Pull every line containing "Drawings" from the data.

*** Opening of Supplied records ***

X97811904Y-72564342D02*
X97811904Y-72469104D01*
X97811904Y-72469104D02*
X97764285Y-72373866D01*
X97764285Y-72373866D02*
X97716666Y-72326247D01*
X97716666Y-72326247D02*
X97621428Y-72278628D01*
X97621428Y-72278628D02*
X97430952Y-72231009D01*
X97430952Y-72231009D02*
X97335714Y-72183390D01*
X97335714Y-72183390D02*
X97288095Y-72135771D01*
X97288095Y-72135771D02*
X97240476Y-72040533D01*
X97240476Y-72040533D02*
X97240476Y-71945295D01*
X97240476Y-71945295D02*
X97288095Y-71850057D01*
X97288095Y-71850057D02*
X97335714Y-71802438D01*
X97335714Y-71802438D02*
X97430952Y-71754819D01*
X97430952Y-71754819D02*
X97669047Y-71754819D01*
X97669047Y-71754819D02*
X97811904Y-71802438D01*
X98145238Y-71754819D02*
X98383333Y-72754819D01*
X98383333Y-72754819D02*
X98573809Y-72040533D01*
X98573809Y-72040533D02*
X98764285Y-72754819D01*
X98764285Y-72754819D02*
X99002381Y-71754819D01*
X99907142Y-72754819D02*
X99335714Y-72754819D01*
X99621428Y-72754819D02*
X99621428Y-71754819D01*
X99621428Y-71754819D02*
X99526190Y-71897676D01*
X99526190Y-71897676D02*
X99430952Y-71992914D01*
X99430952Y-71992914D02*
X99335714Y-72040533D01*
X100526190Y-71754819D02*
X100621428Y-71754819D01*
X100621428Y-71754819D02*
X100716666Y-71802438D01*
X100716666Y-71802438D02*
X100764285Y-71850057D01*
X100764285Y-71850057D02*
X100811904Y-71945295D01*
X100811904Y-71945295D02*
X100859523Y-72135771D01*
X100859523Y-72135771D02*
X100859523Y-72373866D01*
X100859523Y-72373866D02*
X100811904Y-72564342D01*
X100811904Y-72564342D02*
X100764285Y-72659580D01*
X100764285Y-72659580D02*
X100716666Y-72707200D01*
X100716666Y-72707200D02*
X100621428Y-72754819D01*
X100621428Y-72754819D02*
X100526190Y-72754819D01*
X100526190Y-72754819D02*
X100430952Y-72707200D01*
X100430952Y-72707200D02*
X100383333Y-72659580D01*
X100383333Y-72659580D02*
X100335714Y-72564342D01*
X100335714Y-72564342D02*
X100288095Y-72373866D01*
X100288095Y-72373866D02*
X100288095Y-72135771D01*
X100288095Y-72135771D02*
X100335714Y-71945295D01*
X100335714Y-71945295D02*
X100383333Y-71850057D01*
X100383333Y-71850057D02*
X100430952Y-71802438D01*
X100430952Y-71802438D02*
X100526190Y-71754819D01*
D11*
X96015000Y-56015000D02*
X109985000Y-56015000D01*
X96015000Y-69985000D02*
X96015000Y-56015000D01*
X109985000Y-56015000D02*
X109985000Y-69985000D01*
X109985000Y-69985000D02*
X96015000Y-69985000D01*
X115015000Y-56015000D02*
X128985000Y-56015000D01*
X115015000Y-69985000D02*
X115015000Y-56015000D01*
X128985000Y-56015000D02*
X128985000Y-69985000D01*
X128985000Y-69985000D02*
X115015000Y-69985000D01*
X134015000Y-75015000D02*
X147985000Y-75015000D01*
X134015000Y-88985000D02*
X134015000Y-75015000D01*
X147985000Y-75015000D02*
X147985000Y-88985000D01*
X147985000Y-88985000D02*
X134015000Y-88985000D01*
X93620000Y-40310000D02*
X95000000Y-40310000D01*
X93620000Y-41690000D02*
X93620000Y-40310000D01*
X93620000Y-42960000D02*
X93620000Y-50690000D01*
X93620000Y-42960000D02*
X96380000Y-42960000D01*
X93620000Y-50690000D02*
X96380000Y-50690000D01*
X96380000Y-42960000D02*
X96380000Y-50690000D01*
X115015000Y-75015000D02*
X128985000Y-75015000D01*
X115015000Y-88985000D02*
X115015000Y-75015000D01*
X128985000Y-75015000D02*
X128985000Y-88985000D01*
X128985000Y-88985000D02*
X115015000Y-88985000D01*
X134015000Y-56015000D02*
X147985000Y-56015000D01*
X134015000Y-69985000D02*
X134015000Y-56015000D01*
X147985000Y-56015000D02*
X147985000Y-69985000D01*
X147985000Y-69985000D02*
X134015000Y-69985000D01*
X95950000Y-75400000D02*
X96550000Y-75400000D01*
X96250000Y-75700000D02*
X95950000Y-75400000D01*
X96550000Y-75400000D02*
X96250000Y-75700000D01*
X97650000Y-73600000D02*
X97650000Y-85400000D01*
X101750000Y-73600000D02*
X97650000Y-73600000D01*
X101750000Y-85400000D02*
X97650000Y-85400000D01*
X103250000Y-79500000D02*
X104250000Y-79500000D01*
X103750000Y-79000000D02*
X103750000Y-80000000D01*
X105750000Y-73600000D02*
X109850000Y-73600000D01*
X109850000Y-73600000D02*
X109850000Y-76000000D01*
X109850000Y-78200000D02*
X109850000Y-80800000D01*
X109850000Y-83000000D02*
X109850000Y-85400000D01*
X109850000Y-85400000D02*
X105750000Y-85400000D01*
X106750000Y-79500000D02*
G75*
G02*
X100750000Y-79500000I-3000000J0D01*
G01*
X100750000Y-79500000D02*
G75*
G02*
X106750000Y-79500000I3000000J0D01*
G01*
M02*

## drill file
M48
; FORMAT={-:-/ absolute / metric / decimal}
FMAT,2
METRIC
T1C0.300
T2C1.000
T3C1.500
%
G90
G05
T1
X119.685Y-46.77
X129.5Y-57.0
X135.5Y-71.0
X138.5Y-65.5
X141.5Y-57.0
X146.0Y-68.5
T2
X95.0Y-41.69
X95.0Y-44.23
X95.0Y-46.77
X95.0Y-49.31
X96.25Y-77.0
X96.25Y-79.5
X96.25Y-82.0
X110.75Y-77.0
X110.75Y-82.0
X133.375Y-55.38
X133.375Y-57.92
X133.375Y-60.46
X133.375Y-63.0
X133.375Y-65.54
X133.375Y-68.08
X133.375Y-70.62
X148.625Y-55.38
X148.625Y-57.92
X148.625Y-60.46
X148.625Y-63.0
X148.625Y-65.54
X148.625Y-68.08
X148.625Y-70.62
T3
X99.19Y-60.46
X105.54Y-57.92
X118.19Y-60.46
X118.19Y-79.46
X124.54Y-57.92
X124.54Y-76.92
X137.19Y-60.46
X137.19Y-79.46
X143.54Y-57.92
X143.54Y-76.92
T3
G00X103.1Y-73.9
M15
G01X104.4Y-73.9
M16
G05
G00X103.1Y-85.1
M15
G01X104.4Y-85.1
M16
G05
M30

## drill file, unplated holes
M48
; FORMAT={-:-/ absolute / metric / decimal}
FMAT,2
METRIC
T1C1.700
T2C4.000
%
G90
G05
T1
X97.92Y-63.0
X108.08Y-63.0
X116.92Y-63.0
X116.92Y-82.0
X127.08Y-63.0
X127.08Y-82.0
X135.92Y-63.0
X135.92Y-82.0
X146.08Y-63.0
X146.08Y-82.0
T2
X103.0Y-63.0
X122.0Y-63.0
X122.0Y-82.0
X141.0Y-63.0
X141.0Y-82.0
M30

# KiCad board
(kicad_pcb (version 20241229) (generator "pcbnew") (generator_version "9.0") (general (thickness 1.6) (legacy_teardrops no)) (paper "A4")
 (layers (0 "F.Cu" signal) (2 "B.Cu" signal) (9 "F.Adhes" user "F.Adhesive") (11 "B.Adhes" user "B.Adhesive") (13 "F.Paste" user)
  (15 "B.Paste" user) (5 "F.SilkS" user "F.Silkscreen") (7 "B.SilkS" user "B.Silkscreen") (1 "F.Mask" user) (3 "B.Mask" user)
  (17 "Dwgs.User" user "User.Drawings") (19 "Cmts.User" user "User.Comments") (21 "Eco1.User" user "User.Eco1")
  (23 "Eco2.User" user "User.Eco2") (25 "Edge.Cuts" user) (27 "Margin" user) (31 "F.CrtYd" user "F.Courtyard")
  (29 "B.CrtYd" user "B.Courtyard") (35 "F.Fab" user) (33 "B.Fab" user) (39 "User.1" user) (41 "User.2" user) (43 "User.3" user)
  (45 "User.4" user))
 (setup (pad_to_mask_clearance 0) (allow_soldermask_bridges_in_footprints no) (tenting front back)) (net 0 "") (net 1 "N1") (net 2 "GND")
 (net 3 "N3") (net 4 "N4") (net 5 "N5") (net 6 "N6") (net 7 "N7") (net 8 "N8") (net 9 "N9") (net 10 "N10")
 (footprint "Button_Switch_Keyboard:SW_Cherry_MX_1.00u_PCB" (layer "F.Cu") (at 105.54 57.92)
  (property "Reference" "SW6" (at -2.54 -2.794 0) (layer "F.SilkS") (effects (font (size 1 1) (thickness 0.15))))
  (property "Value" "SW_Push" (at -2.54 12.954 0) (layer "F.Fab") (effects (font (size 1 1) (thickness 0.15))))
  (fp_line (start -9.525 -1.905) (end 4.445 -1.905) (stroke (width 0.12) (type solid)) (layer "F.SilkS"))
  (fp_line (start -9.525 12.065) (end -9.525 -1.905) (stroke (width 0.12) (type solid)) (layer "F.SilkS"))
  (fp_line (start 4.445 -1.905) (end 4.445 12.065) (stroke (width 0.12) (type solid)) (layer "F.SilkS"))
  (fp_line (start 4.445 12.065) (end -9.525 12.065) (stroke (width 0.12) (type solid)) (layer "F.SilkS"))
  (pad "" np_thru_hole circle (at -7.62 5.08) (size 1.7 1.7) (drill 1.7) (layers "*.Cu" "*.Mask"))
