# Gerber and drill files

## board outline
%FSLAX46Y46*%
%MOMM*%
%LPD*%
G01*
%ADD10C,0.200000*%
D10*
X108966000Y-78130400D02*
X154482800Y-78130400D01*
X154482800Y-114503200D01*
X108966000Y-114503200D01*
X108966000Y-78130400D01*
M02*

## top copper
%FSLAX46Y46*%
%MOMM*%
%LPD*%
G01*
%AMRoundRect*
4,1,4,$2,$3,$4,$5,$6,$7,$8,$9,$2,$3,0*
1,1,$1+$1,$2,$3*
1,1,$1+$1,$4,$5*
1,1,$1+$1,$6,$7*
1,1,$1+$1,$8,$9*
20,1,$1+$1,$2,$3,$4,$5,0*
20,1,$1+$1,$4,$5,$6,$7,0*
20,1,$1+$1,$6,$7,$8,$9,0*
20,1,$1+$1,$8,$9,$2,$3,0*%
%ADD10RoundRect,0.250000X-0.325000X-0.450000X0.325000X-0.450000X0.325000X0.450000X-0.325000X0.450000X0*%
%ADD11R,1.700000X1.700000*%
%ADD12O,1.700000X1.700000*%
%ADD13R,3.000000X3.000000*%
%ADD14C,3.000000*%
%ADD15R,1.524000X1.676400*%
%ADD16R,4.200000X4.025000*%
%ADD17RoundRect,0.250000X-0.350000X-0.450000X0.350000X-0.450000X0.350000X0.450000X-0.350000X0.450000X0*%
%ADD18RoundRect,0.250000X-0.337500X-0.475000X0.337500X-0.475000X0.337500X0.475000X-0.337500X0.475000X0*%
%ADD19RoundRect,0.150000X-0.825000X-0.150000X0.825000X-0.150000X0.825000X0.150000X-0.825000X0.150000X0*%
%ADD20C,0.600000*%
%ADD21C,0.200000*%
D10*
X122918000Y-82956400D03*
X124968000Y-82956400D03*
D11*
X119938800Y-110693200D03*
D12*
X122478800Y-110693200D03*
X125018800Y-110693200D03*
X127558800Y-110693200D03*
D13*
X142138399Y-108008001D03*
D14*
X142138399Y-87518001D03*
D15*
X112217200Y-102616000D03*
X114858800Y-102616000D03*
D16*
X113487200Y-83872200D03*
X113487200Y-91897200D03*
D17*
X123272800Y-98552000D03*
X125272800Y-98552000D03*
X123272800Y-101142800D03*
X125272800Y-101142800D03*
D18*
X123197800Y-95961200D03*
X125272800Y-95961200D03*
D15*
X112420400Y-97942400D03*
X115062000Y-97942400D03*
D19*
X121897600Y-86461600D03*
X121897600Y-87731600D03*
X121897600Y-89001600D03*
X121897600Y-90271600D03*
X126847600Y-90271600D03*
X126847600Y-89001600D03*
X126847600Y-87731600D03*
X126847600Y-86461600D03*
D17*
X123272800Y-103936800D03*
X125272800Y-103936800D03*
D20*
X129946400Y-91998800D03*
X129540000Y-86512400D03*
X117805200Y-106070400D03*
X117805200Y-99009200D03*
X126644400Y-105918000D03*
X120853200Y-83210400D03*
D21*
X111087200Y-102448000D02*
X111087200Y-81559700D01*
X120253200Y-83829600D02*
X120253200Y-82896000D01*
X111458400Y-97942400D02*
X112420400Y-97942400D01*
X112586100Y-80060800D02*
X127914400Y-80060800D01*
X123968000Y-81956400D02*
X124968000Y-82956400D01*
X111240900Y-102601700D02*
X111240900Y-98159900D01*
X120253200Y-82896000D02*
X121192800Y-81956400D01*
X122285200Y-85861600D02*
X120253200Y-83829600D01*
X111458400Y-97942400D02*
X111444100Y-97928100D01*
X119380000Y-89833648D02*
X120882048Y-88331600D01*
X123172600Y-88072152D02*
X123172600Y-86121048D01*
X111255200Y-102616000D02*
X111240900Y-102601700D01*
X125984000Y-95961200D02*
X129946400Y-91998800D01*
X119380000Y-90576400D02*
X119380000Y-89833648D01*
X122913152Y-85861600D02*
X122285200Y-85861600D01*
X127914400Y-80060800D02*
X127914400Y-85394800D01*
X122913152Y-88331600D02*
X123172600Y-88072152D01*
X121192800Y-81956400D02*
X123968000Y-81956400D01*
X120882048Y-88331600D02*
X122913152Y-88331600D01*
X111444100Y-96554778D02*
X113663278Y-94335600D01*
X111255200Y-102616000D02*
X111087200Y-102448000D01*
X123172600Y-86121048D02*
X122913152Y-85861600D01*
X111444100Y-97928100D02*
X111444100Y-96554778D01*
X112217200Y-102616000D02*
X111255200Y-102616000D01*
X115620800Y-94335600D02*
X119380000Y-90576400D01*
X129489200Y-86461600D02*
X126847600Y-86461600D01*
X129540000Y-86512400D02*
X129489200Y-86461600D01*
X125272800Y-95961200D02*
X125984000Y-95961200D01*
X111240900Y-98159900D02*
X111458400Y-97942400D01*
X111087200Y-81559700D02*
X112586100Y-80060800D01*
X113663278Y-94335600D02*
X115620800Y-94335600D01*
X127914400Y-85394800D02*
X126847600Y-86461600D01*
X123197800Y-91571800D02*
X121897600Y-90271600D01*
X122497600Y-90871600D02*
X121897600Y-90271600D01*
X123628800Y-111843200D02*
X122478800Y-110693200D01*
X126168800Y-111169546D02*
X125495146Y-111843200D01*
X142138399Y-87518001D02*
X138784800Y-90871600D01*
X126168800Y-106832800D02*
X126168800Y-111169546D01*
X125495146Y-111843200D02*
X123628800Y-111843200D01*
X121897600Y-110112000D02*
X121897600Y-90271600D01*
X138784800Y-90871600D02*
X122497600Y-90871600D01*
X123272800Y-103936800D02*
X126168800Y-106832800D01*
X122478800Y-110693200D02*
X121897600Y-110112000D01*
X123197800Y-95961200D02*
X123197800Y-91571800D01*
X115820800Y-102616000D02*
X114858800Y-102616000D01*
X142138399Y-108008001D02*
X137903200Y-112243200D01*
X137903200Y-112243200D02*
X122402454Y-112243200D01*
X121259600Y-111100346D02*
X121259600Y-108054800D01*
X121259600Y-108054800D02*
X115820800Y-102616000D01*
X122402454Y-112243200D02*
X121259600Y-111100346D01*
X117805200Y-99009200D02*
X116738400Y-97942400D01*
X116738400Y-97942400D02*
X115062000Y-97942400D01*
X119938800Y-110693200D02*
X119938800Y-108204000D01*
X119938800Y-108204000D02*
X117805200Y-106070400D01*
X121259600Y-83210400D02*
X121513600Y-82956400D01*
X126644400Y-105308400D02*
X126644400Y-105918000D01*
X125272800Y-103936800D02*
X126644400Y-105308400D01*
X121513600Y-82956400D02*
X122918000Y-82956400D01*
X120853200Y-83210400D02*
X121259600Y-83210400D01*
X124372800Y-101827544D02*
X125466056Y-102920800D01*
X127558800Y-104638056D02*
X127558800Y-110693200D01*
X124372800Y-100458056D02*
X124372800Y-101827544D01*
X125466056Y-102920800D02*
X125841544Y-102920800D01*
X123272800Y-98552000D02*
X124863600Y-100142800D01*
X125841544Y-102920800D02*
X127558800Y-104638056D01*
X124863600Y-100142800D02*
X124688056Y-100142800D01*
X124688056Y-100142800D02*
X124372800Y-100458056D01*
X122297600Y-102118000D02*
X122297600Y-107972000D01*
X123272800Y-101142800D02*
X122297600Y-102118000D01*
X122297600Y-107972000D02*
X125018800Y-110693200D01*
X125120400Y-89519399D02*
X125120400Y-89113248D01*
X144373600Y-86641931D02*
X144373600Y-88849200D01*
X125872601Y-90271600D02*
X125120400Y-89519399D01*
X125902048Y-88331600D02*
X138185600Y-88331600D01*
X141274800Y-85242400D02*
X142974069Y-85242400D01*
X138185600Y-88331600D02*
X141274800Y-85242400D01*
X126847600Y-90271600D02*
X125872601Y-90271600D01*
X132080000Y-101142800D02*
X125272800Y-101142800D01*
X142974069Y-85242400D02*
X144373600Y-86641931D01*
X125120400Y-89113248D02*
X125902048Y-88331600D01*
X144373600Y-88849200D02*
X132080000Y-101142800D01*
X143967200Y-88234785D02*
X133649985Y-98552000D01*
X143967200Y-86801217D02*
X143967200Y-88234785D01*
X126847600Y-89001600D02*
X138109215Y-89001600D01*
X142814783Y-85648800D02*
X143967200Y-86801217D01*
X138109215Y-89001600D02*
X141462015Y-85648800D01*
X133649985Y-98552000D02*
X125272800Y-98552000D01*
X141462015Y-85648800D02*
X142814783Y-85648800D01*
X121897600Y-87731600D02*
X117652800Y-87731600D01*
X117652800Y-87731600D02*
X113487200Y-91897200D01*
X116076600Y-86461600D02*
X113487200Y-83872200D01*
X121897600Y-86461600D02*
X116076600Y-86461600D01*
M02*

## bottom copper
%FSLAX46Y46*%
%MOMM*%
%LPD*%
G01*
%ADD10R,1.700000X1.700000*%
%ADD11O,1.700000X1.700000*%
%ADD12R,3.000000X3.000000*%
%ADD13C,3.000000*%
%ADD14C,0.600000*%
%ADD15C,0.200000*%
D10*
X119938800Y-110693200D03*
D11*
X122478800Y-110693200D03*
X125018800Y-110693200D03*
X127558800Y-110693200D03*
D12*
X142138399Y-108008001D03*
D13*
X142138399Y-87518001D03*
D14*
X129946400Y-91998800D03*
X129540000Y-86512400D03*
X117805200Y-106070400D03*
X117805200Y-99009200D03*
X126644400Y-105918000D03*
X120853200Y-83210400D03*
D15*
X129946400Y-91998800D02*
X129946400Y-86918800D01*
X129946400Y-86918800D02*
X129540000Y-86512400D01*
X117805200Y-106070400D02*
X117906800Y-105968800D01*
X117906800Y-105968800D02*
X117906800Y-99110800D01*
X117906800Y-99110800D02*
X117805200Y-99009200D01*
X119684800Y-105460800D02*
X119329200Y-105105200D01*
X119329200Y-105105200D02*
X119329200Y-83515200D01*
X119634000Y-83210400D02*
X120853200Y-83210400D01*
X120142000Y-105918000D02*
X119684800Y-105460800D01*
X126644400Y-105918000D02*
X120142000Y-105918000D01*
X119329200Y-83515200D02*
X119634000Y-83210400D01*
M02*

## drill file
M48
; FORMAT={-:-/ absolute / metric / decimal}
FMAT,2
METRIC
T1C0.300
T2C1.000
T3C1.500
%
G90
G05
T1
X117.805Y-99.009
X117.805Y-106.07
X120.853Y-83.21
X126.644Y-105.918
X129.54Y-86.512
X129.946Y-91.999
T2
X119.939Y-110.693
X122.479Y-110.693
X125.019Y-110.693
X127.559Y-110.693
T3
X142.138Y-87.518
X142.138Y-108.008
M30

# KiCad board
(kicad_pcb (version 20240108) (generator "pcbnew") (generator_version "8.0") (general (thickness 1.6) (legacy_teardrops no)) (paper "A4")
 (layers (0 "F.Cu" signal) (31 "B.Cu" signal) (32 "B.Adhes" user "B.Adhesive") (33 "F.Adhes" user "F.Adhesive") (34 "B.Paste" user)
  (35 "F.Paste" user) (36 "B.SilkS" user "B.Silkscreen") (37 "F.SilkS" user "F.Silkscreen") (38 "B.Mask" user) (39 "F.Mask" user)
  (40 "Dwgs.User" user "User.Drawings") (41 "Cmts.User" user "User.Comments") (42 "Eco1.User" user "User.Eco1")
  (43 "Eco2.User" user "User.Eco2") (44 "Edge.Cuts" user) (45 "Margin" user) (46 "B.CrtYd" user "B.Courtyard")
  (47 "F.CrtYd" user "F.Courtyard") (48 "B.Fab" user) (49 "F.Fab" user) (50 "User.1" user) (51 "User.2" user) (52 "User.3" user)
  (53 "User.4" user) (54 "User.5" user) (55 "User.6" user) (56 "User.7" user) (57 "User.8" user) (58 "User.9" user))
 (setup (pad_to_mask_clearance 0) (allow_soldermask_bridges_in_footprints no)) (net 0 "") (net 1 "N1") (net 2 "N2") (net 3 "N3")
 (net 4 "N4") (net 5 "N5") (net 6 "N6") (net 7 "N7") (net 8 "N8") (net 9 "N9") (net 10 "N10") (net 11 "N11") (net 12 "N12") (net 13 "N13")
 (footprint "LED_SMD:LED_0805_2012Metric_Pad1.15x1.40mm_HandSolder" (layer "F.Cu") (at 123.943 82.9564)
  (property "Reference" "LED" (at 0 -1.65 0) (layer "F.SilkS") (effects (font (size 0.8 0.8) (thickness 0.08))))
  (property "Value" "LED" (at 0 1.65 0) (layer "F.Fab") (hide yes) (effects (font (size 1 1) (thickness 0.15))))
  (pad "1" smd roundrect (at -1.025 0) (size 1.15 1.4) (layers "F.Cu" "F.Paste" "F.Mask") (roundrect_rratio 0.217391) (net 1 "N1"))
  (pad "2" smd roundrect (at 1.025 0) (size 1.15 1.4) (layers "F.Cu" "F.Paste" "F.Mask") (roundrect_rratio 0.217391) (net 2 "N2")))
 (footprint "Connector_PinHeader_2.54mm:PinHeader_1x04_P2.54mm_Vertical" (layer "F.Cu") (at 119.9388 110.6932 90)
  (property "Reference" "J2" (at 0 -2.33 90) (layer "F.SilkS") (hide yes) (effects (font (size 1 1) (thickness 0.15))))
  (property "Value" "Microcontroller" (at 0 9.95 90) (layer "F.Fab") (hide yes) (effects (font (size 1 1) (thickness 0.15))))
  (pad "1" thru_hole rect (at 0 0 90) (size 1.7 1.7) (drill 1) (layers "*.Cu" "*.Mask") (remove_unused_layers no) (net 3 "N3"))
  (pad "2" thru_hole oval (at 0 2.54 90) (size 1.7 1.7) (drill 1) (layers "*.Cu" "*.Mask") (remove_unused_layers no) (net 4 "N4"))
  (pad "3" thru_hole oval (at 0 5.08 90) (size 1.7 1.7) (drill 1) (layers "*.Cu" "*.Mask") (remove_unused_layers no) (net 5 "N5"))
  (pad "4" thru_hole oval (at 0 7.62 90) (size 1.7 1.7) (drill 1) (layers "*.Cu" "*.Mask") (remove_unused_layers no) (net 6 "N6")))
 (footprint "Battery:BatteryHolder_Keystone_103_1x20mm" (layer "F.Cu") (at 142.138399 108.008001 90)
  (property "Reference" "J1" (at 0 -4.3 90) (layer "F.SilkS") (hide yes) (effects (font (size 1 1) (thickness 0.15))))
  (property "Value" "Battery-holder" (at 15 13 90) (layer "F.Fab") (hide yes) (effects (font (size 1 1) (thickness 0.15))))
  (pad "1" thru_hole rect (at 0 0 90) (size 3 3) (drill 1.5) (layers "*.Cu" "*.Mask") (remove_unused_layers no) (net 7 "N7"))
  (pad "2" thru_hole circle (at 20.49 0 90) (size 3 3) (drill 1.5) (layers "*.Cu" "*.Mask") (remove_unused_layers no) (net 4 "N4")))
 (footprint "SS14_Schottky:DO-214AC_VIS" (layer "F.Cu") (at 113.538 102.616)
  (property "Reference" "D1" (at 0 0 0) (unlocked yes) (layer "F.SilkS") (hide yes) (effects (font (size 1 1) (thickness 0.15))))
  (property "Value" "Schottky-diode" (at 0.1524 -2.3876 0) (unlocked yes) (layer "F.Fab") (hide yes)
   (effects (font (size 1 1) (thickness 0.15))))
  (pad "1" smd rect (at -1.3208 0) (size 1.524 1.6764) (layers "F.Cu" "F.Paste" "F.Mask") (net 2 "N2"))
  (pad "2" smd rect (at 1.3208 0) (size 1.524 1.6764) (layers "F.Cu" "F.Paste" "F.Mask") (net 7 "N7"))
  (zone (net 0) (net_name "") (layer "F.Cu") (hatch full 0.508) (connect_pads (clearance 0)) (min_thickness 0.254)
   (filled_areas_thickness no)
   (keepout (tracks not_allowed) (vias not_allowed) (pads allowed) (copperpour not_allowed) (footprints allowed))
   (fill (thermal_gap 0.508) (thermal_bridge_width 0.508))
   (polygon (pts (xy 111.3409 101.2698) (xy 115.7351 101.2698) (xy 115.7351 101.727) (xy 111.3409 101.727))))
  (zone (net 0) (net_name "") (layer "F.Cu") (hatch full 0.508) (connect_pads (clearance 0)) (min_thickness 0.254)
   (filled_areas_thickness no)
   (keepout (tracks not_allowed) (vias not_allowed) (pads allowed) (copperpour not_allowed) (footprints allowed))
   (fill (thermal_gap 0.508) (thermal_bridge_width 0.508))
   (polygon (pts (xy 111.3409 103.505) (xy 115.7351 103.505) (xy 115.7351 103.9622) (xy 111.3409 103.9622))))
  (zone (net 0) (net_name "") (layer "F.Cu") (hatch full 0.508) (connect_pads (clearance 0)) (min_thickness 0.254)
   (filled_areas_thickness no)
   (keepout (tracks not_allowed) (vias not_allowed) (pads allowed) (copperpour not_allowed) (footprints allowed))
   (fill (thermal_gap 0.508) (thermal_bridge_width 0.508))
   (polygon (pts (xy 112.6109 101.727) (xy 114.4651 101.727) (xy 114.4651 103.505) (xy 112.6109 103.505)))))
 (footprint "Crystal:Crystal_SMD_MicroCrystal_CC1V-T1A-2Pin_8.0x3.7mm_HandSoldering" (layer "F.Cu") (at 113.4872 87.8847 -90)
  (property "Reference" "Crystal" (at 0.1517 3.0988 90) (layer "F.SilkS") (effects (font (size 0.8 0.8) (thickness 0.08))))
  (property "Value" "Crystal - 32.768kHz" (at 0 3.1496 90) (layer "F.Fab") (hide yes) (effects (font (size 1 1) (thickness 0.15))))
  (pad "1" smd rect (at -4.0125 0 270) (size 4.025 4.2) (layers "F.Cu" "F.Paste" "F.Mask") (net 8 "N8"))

*** Close of Supplied records ***

Written response:
  (17 "Dwgs.User" user "User.Drawings") (19 "Cmts.User" user "User.Comments") (21 "Eco1.User" user "User.Eco1")
  (40 "Dwgs.User" user "User.Drawings") (41 "Cmts.User" user "User.Comments") (42 "Eco1.User" user "User.Eco1")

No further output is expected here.